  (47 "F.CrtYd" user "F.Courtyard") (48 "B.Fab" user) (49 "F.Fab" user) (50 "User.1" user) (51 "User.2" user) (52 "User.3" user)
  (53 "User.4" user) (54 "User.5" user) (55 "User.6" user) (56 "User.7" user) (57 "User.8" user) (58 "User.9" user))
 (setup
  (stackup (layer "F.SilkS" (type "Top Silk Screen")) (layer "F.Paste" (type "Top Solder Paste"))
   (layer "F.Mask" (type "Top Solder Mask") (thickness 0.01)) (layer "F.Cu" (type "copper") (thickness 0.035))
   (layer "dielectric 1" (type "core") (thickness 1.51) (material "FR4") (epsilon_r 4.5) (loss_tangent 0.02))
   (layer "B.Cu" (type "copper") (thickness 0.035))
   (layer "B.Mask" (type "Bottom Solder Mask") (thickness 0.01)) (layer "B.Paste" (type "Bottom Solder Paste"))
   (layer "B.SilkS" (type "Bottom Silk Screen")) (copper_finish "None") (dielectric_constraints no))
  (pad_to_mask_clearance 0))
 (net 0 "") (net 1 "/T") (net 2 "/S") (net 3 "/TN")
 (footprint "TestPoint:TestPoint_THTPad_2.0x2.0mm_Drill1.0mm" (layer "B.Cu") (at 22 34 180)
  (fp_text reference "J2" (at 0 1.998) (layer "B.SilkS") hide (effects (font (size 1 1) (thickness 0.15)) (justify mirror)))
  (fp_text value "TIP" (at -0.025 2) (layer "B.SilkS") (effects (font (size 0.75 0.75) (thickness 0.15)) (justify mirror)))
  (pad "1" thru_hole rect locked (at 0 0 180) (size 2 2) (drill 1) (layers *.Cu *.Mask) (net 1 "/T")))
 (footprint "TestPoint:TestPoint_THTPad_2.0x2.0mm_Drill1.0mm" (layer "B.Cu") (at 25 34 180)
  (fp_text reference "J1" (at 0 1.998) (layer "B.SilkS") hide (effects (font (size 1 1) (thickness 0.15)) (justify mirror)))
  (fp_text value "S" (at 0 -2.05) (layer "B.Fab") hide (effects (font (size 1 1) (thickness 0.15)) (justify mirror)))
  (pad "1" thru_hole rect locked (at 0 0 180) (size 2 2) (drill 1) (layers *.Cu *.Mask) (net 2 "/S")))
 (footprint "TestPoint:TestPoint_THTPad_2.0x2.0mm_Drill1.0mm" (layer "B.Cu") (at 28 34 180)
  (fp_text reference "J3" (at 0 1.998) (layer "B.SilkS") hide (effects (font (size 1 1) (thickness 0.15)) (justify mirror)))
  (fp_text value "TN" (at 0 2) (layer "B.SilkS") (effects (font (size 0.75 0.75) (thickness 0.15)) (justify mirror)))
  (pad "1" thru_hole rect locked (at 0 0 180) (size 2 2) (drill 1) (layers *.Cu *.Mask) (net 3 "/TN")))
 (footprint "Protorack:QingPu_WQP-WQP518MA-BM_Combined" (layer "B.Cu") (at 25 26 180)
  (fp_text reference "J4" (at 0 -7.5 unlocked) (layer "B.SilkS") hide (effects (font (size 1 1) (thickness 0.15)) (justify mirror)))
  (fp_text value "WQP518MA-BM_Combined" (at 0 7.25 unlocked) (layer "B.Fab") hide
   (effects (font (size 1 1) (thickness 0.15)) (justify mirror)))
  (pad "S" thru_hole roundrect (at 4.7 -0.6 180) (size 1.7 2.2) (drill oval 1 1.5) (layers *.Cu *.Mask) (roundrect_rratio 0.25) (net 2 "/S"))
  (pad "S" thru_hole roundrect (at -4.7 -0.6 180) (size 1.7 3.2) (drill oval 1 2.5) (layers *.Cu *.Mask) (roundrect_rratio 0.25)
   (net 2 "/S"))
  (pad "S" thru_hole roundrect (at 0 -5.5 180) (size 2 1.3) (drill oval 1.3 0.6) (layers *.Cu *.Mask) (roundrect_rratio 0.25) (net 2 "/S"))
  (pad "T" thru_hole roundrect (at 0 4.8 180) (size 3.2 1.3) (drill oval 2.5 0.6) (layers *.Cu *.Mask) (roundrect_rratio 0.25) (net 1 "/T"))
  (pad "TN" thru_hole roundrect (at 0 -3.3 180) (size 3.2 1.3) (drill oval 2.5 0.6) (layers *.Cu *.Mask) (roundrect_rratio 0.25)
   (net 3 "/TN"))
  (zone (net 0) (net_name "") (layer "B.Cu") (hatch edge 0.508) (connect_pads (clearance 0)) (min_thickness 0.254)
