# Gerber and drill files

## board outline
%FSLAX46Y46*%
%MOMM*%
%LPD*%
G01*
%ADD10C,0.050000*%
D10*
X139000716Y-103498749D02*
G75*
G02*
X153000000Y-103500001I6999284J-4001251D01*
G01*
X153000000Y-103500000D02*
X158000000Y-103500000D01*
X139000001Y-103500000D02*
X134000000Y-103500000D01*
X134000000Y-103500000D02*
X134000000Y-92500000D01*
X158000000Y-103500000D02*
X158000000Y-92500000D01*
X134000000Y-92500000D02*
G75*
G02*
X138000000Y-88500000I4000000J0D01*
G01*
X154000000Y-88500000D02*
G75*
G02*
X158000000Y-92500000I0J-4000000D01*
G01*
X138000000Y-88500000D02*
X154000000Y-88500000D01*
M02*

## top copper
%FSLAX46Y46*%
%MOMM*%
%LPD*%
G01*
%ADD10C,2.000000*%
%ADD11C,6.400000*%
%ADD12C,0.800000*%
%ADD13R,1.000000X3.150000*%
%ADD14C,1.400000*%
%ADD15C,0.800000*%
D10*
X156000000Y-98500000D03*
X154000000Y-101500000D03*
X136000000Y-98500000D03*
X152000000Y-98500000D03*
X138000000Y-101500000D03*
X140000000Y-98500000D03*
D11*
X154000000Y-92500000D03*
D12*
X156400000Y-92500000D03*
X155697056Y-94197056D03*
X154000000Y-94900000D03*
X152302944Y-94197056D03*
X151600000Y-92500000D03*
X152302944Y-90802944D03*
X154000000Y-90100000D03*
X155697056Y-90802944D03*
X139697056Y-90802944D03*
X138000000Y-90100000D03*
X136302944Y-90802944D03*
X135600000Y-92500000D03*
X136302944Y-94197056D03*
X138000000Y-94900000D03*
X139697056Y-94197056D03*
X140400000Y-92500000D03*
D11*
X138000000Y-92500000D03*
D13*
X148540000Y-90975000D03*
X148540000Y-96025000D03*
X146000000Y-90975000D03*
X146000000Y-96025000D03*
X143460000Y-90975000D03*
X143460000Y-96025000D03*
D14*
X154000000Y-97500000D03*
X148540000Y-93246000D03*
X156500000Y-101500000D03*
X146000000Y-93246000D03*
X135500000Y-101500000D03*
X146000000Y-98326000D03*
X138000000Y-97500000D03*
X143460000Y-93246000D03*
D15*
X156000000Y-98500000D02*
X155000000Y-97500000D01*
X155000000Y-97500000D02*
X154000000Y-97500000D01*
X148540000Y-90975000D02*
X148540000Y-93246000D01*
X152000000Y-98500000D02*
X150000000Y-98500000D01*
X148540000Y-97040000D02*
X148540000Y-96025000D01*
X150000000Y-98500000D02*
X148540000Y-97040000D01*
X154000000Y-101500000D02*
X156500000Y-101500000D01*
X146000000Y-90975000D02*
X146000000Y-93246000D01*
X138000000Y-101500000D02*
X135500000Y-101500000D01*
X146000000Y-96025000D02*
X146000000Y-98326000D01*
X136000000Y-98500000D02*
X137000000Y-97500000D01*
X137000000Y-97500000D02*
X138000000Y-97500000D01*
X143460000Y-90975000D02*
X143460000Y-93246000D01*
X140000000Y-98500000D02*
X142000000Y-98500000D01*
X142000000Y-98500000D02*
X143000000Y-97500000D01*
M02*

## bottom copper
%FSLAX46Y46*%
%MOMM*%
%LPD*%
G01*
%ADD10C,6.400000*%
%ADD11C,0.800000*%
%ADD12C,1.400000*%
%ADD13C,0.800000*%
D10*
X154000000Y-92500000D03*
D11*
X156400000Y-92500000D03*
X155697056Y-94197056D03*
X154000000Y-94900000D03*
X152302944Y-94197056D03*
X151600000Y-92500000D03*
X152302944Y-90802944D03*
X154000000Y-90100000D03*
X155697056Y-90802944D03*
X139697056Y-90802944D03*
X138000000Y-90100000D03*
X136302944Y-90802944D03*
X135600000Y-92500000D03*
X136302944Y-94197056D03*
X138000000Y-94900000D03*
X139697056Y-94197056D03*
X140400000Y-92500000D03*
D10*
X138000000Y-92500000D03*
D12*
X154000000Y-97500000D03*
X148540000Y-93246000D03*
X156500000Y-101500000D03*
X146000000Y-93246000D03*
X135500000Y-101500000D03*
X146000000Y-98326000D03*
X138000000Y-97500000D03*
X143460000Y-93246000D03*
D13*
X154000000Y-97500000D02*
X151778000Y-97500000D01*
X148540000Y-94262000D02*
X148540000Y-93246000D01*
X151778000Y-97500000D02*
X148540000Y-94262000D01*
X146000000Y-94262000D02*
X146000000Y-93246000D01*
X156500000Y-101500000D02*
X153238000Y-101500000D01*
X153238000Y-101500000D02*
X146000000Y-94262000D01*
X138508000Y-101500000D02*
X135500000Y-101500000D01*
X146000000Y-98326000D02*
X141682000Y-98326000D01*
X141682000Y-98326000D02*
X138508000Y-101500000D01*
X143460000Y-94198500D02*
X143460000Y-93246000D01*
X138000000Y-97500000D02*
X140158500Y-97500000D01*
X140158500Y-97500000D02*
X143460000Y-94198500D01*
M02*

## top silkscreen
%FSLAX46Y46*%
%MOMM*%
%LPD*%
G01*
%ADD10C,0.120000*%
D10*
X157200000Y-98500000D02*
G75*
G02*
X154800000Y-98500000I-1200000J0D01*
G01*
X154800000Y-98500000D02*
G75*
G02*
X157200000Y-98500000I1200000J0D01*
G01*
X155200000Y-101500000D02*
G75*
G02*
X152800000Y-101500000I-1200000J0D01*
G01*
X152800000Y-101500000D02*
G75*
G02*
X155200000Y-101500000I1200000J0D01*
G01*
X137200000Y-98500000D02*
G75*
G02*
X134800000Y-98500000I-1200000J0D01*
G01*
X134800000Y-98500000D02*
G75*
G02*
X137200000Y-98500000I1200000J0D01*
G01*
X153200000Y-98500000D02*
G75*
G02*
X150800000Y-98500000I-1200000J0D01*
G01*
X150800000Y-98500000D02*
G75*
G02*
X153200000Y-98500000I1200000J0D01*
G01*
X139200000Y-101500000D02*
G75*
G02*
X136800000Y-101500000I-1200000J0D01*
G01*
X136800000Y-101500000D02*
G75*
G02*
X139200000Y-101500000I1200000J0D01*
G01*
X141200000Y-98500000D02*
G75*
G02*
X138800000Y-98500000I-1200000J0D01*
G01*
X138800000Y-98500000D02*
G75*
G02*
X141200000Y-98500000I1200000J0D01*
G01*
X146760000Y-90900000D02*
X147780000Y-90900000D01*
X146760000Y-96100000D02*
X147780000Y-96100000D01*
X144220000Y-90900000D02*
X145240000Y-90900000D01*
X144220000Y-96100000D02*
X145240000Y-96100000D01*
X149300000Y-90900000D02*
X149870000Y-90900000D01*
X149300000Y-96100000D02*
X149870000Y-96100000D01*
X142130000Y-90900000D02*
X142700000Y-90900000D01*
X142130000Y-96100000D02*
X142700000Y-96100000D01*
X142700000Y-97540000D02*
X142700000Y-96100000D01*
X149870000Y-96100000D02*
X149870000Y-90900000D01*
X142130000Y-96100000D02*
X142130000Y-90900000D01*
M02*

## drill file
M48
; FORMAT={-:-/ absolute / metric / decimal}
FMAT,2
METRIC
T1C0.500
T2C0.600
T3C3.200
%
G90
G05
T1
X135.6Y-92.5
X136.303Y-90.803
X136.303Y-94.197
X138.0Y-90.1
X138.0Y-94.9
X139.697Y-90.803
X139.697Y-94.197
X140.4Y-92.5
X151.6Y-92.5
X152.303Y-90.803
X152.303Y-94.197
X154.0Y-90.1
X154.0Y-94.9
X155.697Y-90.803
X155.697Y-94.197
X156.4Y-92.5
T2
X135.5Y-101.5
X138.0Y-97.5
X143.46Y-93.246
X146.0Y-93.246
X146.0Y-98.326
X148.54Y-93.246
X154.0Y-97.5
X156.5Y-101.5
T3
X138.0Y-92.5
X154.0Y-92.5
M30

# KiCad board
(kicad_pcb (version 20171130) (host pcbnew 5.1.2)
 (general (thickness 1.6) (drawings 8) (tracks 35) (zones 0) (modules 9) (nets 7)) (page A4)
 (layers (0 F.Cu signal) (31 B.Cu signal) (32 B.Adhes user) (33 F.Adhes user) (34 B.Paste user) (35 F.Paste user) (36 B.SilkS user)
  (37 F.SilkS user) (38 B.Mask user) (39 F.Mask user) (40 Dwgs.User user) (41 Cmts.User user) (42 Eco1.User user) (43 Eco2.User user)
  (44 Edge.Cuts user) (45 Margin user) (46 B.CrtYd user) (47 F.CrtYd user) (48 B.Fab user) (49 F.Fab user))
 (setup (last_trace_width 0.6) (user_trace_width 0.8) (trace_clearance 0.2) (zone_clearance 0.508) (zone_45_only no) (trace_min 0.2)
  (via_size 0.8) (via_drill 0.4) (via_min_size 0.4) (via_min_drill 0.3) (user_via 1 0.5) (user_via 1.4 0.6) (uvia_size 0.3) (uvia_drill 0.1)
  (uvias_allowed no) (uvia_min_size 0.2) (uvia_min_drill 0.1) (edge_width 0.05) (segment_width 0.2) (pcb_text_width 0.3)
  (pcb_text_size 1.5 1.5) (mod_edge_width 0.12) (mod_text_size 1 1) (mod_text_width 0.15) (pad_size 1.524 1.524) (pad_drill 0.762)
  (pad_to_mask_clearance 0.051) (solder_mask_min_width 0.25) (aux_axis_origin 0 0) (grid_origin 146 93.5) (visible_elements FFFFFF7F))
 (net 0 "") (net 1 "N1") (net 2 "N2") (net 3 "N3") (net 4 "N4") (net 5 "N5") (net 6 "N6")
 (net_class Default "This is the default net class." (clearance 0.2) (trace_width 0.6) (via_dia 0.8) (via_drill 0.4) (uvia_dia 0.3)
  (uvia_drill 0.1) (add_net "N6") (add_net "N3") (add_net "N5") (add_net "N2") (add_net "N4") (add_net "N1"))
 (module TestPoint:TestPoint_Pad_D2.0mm (layer F.Cu) (at 156 98.5)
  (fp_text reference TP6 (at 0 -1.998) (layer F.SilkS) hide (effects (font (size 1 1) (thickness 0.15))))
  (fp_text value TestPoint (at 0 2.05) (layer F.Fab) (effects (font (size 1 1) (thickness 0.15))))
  (fp_circle (center 0 0) (end 0 1.2) (layer F.SilkS) (width 0.12))
  (pad 1 smd circle (at 0 0) (size 2 2) (layers F.Cu F.Mask) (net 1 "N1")))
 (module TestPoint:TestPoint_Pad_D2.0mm (layer F.Cu) (at 154 101.5)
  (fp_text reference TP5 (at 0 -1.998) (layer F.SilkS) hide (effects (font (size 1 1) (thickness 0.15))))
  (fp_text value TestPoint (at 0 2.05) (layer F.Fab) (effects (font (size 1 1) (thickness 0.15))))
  (fp_circle (center 0 0) (end 0 1.2) (layer F.SilkS) (width 0.12))
  (pad 1 smd circle (at 0 0) (size 2 2) (layers F.Cu F.Mask) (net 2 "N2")))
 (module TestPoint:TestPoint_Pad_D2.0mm (layer F.Cu) (at 136 98.5)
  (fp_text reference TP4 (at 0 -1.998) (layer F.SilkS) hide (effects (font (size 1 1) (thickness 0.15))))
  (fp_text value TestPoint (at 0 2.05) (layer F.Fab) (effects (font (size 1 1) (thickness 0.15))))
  (fp_circle (center 0 0) (end 0 1.2) (layer F.SilkS) (width 0.12))
  (pad 1 smd circle (at 0 0) (size 2 2) (layers F.Cu F.Mask) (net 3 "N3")))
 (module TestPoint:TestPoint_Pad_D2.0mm (layer F.Cu) (at 152 98.5)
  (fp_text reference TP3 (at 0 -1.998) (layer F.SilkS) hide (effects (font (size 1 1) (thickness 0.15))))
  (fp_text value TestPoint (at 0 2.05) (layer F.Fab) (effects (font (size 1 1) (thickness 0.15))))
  (fp_circle (center 0 0) (end 0 1.2) (layer F.SilkS) (width 0.12))
  (pad 1 smd circle (at 0 0) (size 2 2) (layers F.Cu F.Mask) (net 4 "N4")))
------
Task item: Beginning at the line with "X138800000Y-98500000I-1200000J0D01*" and ending at the line with "(37 F.SilkS user)", reproduce each line of the data above exactly, and add no other lines.

Written reply:
X138800000Y-98500000I-1200000J0D01*
G01*
X138800000Y-98500000D02*
G75*
G02*
X141200000Y-98500000I1200000J0D01*
G01*
X146760000Y-90900000D02*
X147780000Y-90900000D01*
X146760000Y-96100000D02*
X147780000Y-96100000D01*
X144220000Y-90900000D02*
X145240000Y-90900000D01*
X144220000Y-96100000D02*
X145240000Y-96100000D01*
X149300000Y-90900000D02*
X149870000Y-90900000D01*
X149300000Y-96100000D02*
X149870000Y-96100000D01*
X142130000Y-90900000D02*
X142700000Y-90900000D01*
X142130000Y-96100000D02*
X142700000Y-96100000D01*
X142700000Y-97540000D02*
X142700000Y-96100000D01*
X149870000Y-96100000D02*
X149870000Y-90900000D01*
X142130000Y-96100000D02*
X142130000Y-90900000D01*
M02*

## drill file
M48
; FORMAT={-:-/ absolute / metric / decimal}
FMAT,2
METRIC
T1C0.500
T2C0.600
T3C3.200
%
G90
G05
T1
X135.6Y-92.5
X136.303Y-90.803
X136.303Y-94.197
X138.0Y-90.1
X138.0Y-94.9
X139.697Y-90.803
X139.697Y-94.197
X140.4Y-92.5
X151.6Y-92.5
X152.303Y-90.803
X152.303Y-94.197
X154.0Y-90.1
X154.0Y-94.9
X155.697Y-90.803
X155.697Y-94.197
X156.4Y-92.5
T2
X135.5Y-101.5
X138.0Y-97.5
X143.46Y-93.246
X146.0Y-93.246
X146.0Y-98.326
X148.54Y-93.246
X154.0Y-97.5
X156.5Y-101.5
T3
X138.0Y-92.5
X154.0Y-92.5
M30

# KiCad board
(kicad_pcb (version 20171130) (host pcbnew 5.1.2)
 (general (thickness 1.6) (drawings 8) (tracks 35) (zones 0) (modules 9) (nets 7)) (page A4)
 (layers (0 F.Cu signal) (31 B.Cu signal) (32 B.Adhes user) (33 F.Adhes user) (34 B.Paste user) (35 F.Paste user) (36 B.SilkS user)
  (37 F.SilkS user) (38 B.Mask user) (39 F.Mask user) (40 Dwgs.User user) (41 Cmts.User user) (42 Eco1.User user) (43 Eco2.User user)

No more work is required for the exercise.